**Given data:**
★ ★ ★ ★

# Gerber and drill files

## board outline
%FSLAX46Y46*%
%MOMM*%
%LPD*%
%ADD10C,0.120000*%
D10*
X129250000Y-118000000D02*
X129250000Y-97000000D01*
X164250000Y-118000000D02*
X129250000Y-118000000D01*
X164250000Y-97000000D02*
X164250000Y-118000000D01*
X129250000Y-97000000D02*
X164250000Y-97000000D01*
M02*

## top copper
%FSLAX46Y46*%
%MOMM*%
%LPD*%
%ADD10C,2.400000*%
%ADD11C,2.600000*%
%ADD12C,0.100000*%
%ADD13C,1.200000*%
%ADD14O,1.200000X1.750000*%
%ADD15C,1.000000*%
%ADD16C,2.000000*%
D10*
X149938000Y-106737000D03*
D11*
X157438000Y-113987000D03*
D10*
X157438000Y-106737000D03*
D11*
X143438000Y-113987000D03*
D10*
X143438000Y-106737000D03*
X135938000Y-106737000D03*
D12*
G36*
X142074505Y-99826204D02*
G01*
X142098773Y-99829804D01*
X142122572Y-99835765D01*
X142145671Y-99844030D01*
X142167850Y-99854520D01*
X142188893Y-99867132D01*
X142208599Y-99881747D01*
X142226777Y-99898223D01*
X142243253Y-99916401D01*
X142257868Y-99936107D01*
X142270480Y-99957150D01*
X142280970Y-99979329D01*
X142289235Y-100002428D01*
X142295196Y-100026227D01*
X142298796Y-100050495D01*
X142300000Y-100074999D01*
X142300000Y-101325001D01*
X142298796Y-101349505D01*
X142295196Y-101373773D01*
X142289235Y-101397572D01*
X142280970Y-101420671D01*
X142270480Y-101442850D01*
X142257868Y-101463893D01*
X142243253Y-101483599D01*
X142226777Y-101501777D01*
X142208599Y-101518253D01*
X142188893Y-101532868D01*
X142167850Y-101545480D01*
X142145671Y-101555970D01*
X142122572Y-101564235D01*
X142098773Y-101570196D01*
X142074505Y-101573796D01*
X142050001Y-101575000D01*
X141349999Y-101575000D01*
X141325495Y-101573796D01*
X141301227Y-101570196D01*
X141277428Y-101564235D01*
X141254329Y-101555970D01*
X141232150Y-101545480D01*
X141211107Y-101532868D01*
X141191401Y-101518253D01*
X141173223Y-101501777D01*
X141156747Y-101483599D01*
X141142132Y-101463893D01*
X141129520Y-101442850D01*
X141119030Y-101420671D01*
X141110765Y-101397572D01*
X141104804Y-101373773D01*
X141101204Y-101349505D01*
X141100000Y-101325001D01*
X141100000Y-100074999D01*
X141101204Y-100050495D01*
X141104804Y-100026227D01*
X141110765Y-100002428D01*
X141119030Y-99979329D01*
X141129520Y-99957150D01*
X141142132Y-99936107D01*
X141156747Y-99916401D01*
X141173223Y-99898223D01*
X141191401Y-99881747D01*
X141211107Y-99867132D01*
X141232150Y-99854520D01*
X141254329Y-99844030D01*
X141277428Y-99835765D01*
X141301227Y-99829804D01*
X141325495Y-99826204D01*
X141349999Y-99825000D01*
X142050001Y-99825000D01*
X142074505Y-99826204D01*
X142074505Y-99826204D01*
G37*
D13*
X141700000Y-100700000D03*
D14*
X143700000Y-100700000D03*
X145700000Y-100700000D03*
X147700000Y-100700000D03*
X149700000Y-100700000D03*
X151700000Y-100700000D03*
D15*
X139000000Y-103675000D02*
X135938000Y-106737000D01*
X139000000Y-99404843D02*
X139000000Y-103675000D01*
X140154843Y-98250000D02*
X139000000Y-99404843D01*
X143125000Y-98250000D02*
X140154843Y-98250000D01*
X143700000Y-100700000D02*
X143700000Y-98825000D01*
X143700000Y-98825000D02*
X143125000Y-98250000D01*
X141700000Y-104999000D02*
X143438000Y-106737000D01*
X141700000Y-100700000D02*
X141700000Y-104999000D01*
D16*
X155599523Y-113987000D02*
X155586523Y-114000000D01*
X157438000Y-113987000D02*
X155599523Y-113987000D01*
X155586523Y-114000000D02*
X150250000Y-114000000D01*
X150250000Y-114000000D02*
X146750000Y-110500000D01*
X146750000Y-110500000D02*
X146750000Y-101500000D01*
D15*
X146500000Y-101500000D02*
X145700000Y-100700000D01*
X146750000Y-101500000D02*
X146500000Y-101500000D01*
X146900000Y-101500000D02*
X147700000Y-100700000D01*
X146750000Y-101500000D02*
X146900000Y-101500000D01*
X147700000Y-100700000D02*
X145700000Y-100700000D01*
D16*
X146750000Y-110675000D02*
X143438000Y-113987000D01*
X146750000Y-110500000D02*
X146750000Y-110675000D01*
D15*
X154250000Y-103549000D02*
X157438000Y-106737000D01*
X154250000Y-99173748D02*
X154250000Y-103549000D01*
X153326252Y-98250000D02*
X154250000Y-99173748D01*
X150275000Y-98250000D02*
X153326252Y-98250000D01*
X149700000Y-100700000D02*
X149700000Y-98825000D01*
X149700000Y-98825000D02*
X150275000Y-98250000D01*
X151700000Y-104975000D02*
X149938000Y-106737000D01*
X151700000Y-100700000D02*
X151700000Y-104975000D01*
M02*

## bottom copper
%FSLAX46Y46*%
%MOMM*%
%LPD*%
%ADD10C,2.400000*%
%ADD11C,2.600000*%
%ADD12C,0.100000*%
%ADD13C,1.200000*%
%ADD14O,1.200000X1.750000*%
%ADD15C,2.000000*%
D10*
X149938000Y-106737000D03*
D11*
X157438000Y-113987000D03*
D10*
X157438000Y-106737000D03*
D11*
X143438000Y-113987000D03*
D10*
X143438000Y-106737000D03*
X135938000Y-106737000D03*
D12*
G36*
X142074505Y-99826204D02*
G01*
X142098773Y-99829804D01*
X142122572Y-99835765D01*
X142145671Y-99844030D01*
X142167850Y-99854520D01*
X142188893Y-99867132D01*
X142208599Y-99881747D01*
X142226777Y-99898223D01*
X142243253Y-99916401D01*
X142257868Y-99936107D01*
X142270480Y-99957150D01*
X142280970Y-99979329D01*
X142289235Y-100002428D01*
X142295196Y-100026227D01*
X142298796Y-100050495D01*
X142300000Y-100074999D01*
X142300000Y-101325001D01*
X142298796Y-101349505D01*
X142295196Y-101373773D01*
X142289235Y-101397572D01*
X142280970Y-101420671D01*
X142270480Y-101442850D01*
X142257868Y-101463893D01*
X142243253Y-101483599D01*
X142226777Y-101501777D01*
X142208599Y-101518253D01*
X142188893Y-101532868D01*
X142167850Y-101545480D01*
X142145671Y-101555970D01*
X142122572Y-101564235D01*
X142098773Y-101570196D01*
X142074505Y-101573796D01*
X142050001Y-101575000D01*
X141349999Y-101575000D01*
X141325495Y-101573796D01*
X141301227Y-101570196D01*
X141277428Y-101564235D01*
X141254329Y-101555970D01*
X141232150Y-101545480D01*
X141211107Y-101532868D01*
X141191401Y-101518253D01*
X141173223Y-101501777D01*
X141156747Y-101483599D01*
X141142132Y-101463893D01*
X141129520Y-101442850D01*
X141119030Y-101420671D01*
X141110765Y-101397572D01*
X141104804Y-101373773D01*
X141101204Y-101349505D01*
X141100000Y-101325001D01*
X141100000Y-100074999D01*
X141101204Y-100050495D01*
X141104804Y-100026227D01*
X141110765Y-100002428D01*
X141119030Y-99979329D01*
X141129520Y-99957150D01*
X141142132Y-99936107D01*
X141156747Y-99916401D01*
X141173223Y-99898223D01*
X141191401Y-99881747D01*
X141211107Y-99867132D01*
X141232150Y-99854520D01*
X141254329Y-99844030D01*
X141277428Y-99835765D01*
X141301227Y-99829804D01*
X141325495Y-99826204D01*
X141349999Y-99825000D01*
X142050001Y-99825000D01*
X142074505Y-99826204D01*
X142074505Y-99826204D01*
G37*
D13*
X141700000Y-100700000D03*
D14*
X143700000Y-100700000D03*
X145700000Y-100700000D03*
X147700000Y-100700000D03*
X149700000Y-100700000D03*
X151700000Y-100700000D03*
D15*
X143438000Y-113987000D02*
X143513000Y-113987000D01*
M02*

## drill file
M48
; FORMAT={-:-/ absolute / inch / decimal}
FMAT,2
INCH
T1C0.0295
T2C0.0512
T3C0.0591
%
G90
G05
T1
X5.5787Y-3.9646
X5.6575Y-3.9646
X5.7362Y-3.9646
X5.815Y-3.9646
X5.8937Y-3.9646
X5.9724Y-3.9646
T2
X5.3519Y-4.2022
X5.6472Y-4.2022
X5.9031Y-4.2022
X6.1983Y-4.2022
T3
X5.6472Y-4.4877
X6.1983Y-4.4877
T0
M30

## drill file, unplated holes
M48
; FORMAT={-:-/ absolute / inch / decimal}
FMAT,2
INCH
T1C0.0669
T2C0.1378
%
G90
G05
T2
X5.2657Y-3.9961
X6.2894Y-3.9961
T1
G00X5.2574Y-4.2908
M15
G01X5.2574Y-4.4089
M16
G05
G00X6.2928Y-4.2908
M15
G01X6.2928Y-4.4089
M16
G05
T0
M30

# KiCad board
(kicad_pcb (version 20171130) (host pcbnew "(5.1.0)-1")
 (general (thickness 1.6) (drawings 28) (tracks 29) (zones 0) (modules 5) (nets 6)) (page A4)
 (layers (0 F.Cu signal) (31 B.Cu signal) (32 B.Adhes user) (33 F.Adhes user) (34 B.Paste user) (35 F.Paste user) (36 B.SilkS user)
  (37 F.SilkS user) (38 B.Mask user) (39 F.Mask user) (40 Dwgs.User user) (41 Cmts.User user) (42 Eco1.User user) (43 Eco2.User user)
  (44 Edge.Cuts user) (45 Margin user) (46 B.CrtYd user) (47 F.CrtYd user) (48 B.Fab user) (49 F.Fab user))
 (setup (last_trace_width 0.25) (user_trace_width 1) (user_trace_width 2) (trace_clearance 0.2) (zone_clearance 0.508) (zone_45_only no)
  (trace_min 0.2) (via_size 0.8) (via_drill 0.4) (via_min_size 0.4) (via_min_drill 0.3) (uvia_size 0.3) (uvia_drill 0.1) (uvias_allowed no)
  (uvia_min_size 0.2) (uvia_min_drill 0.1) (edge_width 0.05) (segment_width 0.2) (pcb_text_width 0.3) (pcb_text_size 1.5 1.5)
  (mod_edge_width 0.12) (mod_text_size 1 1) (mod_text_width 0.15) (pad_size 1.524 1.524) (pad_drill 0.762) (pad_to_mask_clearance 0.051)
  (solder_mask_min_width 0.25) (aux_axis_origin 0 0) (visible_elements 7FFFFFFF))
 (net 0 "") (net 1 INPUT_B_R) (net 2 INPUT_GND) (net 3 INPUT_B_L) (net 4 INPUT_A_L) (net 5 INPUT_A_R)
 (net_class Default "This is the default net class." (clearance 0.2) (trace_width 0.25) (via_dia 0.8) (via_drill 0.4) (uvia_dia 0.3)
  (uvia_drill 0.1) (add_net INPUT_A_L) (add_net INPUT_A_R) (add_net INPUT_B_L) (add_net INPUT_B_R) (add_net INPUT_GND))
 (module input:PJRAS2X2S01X (layer F.Cu) (at 135.938 106.737)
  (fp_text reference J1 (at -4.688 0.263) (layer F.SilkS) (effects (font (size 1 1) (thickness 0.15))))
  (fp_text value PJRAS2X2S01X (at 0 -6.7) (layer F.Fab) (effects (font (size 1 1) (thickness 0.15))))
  (pad "" np_thru_hole oval (at 23.9 3.75) (size 1.7 4.7) (drill oval 1.7 4.7) (layers *.Cu *.Mask))
  (pad "" np_thru_hole oval (at -2.4 3.75) (size 1.7 4.7) (drill oval 1.7 4.7) (layers *.Cu *.Mask))
  (pad 4 thru_hole circle (at 14 0) (size 2.4 2.4) (drill 1.3) (layers *.Cu *.Mask) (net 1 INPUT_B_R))
  (pad 5 thru_hole circle (at 21.5 7.25) (size 2.6 2.6) (drill 1.5) (layers *.Cu *.Mask) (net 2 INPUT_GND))
  (pad 6 thru_hole circle (at 21.5 0) (size 2.4 2.4) (drill 1.3) (layers *.Cu *.Mask) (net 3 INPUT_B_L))
  (pad 2 thru_hole circle (at 7.5 7.25) (size 2.6 2.6) (drill 1.5) (layers *.Cu *.Mask) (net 2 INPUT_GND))
  (pad 3 thru_hole circle (at 7.5 0) (size 2.4 2.4) (drill 1.3) (layers *.Cu *.Mask) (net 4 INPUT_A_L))
  (pad 1 thru_hole circle (at 0 0) (size 2.4 2.4) (drill 1.3) (layers *.Cu *.Mask) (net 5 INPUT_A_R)))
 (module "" (layer F.Cu) (at 140.5 94.25)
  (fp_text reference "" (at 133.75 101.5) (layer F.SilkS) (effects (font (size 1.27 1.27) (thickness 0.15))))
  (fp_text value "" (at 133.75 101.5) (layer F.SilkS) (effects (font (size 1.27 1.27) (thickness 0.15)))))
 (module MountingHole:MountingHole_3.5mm (layer F.Cu) (at 133.75 101.5)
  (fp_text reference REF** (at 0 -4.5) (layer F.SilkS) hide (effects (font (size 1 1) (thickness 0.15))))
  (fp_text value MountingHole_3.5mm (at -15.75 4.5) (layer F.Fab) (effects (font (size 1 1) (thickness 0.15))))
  (pad 1 np_thru_hole circle (at 0 0) (size 3.5 3.5) (drill 3.5) (layers *.Cu *.Mask)))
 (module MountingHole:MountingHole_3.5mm (layer F.Cu) (at 159.75 101.5)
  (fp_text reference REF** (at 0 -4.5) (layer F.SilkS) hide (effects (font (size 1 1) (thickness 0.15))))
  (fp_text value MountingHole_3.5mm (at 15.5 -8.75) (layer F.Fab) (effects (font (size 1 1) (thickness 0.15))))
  (pad 1 np_thru_hole circle (at 0 0) (size 3.5 3.5) (drill 3.5) (layers *.Cu *.Mask)))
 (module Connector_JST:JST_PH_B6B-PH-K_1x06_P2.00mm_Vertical (layer F.Cu) (at 141.7 100.7)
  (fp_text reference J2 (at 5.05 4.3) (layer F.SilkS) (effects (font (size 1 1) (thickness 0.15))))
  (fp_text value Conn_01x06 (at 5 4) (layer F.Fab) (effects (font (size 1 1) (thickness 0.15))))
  (pad 1 thru_hole roundrect (at 0 0) (size 1.2 1.75) (drill 0.75) (layers *.Cu *.Mask) (roundrect_rratio 0.208333) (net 4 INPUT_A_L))
  (pad 2 thru_hole oval (at 2 0) (size 1.2 1.75) (drill 0.75) (layers *.Cu *.Mask) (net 5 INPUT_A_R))
  (pad 3 thru_hole oval (at 4 0) (size 1.2 1.75) (drill 0.75) (layers *.Cu *.Mask) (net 2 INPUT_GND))
  (pad 4 thru_hole oval (at 6 0) (size 1.2 1.75) (drill 0.75) (layers *.Cu *.Mask) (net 2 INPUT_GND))
  (pad 5 thru_hole oval (at 8 0) (size 1.2 1.75) (drill 0.75) (layers *.Cu *.Mask) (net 3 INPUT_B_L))
  (pad 6 thru_hole oval (at 10 0) (size 1.2 1.75) (drill 0.75) (layers *.Cu *.Mask) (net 1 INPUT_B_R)))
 (gr_line (start 129.25 118) (end 129.25 97) (layer Edge.Cuts) (width 0.12))
 (gr_line (start 164.25 118) (end 129.25 118) (layer Edge.Cuts) (width 0.12))
 (gr_line (start 164.25 97) (end 164.25 118) (layer Edge.Cuts) (width 0.12))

★ ★ ★ ★

**Problem details:**
Would you quote everything above from the line containing "X146750000Y-101500000D01*" down to the line containing "X157438000Y-106737000D01*"? Include both of those lines and nothing else.

**Worked solution:**
X146750000Y-101500000D01*
D15*
X146500000Y-101500000D02*
X145700000Y-100700000D01*
X146750000Y-101500000D02*
X146500000Y-101500000D01*
X146900000Y-101500000D02*
X147700000Y-100700000D01*
X146750000Y-101500000D02*
X146900000Y-101500000D01*
X147700000Y-100700000D02*
X145700000Y-100700000D01*
D16*
X146750000Y-110675000D02*
X143438000Y-113987000D01*
X146750000Y-110500000D02*
X146750000Y-110675000D01*
D15*
X154250000Y-103549000D02*
X157438000Y-106737000D01*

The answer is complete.